Katanya aku serakah! Sudah tahu kondisi sibuk,
masih menyisakan waktu untuk lainnya.
Berkejaran dengan waktu seolah tiada hari lagi.
Berburu kesempatan hingga menggadaikan kesehatan.
Apa yang dikejar? Penghasilan? Penghargaan? Cari muka?
Bukan …, tetapi binar mata dan senyum bahagia yang menjadi incaranku
~Nardo Shidqiandra~
🍃🍃🍃
Kolam ikan koi yang berada di depan ruang guru menarik perhatian Nardo. Seninnya sangat tenang, kecuali kegaduhan pagi tadi. Tidak ada jam mengajar, tidak ada panggilan ke ruang TU untuk mengerjakan data, tidak ada juga panggilan dari mereka yang biasanya berebut minta bantuan.
Rekan kerjanya seolah mendiamkan lelaki berusia 26 tahun itu. Tidak semua, hanya beberapa saja yang kontra akan keberadaannya. Sisanya masih seperti biasa. Saling menyapa dan melempar senyum.
Meski senyum tetap saja menghias wajah dengan rahang tegasnya, tetapi sorot matanya kosong. Sesekali lelaki itu tampak menghela napas lalu mencebik. Ada rasa yang ingin dilepaskan hingga membuatnya lega.
“Sudah berapa kali menghela napas untuk hari ini? Sejak duduk di situ dengan memandangi ikan-ikan koi yang berdansa, Pak Nardo sudah empat kali mengembus napas dengan keras.” Suara itu membuat Nardo menoleh lalu menepuk sisi kanannya yang kosong meminta orang itu duduk di sana.
“Lagi nganggur, Pak? Kalau nganggur di sini saja sambil ngapalin corak ikan koi ini. Itu yang putih polos namanya Rambo. Pojok kanan dengan corak oranye di bagian kepala dan ekor itu namanya si Diga, sebelahnya itu yang punya tiga warna namanya Gori. Deketan sama Gori yang ngintilin dia terus itu namanya Wondi. Sebelah sana yang sering sembunyi tak sebut Madu, soalnya kuningnya bening kayak madu. Kalau nah yang paling besar itu bisa dipanggil Titik, soalnya di tengah badannya itu seperti titik hitam yang besar,” oceh Nardo panjang lebar.
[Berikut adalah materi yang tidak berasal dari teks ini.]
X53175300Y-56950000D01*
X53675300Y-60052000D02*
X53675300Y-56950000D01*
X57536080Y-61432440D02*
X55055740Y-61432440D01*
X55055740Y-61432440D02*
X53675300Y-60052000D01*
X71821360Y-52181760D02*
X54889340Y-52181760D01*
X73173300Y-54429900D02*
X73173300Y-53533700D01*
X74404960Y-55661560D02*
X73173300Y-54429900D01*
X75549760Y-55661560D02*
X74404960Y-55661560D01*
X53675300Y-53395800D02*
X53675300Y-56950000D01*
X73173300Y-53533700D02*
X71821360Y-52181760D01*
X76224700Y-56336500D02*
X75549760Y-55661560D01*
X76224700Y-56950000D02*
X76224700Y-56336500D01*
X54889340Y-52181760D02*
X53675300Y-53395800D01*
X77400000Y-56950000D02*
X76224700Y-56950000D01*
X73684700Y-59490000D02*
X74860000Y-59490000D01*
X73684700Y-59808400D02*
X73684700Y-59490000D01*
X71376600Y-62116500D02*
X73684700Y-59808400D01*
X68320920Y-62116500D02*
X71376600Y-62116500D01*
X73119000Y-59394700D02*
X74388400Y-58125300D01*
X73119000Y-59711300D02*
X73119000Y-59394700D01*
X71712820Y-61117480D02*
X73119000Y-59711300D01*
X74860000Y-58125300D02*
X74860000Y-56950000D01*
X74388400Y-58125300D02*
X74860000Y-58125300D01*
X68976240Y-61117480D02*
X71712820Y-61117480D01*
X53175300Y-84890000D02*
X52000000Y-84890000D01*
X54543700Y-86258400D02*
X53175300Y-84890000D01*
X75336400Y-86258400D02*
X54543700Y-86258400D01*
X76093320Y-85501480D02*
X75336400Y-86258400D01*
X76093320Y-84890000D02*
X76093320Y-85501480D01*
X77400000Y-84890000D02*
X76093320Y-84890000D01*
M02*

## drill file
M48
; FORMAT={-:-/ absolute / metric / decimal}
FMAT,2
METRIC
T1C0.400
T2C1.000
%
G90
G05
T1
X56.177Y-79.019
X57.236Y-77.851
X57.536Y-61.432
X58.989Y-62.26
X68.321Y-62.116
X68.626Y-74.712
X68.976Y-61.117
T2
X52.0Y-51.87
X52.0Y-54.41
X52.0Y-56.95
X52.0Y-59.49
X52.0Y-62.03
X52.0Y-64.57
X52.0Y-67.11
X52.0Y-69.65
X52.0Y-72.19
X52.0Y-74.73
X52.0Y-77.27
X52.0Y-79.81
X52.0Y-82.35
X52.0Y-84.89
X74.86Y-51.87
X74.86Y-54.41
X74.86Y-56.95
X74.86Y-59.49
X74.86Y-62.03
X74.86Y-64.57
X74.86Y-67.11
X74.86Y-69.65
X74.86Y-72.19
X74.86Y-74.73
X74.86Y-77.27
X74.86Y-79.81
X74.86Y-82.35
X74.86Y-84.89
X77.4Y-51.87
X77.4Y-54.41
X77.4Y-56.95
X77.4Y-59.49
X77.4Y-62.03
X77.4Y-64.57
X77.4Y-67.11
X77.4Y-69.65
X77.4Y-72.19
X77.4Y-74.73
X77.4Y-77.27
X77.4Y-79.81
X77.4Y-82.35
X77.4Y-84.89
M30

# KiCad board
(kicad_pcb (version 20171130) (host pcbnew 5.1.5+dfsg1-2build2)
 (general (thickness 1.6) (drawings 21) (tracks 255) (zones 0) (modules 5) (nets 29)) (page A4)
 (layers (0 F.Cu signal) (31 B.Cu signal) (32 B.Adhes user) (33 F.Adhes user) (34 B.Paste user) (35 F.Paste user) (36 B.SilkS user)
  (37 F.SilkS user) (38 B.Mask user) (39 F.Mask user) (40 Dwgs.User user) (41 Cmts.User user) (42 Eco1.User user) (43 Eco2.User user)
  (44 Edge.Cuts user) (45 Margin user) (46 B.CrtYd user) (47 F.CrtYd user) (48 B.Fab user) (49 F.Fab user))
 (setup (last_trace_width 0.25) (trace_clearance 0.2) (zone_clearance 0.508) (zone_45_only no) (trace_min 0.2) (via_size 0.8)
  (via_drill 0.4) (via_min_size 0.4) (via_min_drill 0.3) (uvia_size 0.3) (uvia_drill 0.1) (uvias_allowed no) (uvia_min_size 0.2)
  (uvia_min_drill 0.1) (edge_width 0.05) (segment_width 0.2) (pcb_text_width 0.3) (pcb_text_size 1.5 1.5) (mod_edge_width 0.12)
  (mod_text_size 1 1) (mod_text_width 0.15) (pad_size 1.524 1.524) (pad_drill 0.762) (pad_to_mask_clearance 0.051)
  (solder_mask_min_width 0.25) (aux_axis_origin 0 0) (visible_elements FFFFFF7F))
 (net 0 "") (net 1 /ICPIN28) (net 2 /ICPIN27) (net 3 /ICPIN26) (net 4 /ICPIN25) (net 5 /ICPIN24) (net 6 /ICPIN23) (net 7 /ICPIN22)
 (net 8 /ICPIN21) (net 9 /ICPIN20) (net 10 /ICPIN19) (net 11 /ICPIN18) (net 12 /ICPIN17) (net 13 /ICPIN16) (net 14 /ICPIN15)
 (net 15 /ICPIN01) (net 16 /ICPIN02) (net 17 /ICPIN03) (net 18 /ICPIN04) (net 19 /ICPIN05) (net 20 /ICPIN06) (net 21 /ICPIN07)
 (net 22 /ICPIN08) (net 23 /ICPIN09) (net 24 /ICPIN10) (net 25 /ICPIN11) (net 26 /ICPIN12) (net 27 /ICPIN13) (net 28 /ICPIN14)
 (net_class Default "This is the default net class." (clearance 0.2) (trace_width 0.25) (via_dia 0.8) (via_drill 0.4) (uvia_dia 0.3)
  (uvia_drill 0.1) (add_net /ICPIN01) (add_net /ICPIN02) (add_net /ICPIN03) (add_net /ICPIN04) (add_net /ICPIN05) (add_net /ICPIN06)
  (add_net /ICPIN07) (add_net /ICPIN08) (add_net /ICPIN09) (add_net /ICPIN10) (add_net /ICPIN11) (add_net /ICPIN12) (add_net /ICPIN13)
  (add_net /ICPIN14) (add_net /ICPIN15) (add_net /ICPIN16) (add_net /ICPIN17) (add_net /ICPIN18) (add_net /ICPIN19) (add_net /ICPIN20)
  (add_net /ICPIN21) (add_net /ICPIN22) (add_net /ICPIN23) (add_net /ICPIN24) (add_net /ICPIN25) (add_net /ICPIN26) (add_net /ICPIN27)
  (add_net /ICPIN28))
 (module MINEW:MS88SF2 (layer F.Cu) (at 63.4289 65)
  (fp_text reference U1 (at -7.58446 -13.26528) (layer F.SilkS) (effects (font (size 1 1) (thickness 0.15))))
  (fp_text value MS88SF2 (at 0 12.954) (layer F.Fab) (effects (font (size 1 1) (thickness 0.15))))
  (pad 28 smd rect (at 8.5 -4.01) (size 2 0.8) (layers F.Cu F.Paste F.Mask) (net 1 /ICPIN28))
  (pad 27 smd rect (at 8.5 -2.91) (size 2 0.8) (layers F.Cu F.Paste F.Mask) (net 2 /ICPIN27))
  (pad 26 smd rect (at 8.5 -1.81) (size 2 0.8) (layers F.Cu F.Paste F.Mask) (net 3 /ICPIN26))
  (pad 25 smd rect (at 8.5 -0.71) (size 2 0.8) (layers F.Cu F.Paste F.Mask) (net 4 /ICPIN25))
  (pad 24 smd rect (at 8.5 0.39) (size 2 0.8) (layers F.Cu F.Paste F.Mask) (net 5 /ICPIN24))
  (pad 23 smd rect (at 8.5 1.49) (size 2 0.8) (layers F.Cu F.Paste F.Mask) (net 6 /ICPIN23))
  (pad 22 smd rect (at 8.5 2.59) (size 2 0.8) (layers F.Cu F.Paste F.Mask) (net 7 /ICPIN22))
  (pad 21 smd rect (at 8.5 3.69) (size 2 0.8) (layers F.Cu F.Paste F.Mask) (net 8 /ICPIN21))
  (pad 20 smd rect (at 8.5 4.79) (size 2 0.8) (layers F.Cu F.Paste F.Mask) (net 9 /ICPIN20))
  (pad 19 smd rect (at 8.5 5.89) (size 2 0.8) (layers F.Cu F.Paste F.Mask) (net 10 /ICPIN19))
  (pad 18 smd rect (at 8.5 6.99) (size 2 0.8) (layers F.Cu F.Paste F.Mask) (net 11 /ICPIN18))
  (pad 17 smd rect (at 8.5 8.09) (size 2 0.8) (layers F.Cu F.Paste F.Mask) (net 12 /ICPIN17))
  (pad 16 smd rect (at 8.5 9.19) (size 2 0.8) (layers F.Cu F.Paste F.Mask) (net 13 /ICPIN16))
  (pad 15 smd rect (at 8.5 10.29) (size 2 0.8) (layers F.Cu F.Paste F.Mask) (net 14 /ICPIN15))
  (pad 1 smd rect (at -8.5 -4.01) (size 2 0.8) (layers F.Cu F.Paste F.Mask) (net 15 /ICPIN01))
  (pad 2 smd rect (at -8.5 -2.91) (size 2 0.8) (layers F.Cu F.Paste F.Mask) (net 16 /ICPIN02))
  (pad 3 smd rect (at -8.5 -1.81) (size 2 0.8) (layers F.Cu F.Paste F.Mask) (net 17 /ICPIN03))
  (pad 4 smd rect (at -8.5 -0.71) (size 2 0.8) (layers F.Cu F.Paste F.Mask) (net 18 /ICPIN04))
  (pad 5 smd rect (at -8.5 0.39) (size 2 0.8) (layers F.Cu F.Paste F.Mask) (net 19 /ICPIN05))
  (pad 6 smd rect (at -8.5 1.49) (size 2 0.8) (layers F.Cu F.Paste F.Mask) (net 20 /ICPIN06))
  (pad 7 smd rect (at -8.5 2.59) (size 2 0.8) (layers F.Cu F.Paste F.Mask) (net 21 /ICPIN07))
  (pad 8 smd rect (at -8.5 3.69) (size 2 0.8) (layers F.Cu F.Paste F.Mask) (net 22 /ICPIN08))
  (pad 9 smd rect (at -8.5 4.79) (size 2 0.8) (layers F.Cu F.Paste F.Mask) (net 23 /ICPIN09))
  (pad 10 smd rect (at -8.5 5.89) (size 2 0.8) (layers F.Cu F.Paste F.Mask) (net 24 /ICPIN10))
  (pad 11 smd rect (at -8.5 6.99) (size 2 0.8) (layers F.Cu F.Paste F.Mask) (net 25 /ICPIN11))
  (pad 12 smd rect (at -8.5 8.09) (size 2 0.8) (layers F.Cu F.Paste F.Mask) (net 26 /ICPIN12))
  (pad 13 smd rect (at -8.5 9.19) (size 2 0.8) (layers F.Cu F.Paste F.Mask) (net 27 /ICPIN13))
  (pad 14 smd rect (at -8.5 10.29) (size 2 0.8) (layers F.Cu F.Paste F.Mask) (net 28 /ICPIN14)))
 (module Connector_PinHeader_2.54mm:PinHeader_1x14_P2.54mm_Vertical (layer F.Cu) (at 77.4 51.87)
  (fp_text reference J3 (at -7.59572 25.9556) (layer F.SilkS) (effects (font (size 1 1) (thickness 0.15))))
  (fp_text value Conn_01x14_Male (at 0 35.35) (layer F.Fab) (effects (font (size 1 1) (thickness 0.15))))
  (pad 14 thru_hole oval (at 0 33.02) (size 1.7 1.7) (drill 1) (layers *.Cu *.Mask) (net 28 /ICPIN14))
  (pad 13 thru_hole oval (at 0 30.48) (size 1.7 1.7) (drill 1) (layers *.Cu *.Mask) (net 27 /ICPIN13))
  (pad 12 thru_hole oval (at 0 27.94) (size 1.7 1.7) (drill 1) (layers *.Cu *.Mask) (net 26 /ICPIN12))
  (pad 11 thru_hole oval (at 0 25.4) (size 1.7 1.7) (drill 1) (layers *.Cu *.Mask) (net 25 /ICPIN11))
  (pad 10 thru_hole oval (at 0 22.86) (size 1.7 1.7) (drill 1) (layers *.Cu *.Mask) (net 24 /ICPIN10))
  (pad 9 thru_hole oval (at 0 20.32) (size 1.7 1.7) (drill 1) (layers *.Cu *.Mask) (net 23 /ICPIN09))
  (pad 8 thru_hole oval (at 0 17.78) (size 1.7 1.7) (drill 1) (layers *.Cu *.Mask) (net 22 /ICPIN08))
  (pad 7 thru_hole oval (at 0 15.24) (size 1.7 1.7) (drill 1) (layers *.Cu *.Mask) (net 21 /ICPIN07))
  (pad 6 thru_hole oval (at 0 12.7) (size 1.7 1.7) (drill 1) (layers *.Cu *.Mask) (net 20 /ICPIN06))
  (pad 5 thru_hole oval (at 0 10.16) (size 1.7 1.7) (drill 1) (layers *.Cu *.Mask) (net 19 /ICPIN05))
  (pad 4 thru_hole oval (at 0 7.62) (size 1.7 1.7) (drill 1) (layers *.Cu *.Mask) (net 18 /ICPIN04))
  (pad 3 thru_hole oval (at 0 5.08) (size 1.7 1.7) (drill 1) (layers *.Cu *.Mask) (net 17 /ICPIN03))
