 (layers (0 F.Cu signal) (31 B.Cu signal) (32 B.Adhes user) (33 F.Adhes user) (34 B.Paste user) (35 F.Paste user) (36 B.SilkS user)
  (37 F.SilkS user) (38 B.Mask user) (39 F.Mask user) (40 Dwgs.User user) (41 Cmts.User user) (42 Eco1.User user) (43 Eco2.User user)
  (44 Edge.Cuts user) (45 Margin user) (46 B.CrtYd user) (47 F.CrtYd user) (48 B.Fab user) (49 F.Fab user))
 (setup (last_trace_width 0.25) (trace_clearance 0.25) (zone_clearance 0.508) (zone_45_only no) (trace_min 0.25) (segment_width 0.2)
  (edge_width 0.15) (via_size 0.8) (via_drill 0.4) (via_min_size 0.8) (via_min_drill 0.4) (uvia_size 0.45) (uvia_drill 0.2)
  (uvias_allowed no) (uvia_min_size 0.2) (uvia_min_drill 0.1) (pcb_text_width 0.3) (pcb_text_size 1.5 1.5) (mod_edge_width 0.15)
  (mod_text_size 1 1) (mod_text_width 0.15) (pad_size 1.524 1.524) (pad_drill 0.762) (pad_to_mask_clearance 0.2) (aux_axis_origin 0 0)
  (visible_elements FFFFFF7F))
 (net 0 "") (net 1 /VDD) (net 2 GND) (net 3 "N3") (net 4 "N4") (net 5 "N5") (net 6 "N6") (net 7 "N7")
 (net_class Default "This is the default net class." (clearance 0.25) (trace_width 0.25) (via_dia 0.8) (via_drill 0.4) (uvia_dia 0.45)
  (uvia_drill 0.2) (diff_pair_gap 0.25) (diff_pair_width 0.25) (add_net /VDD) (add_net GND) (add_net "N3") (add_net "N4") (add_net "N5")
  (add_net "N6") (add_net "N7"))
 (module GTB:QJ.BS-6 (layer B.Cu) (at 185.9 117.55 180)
Radit melongo mendengar ucapan guru baru itu. Sejak pertama kali kenal ini adalah kalimat terpanjang dan teraneh yang Nardo ucapkan. Radit mendekat dan meraba kening Nardo sebentar lalu melihat ke atas. Sinar matahari siang ini cukup terik.
Mungkinkah Pak Nardo ini kepanasan, makanya ngoceh ngalor ngidul nggak jelas malah ngasih nama ikan segala, batin Radit.
“Pak, ngadem di kantor saya. Sepertinya Pak Nardo kepanasan.”
“Pak Radit kalau bosan di kantornya tinggal panggil mereka saja, Rambo, Diga, Gori, Wondi, Madu, Titik. Singkatnya mereka bisa dipanggil Ra dighowo mati!”
“Iya, iya, nanti saya panggil mereka,” Radit menarik dan menggiring Nardo ke kantornya.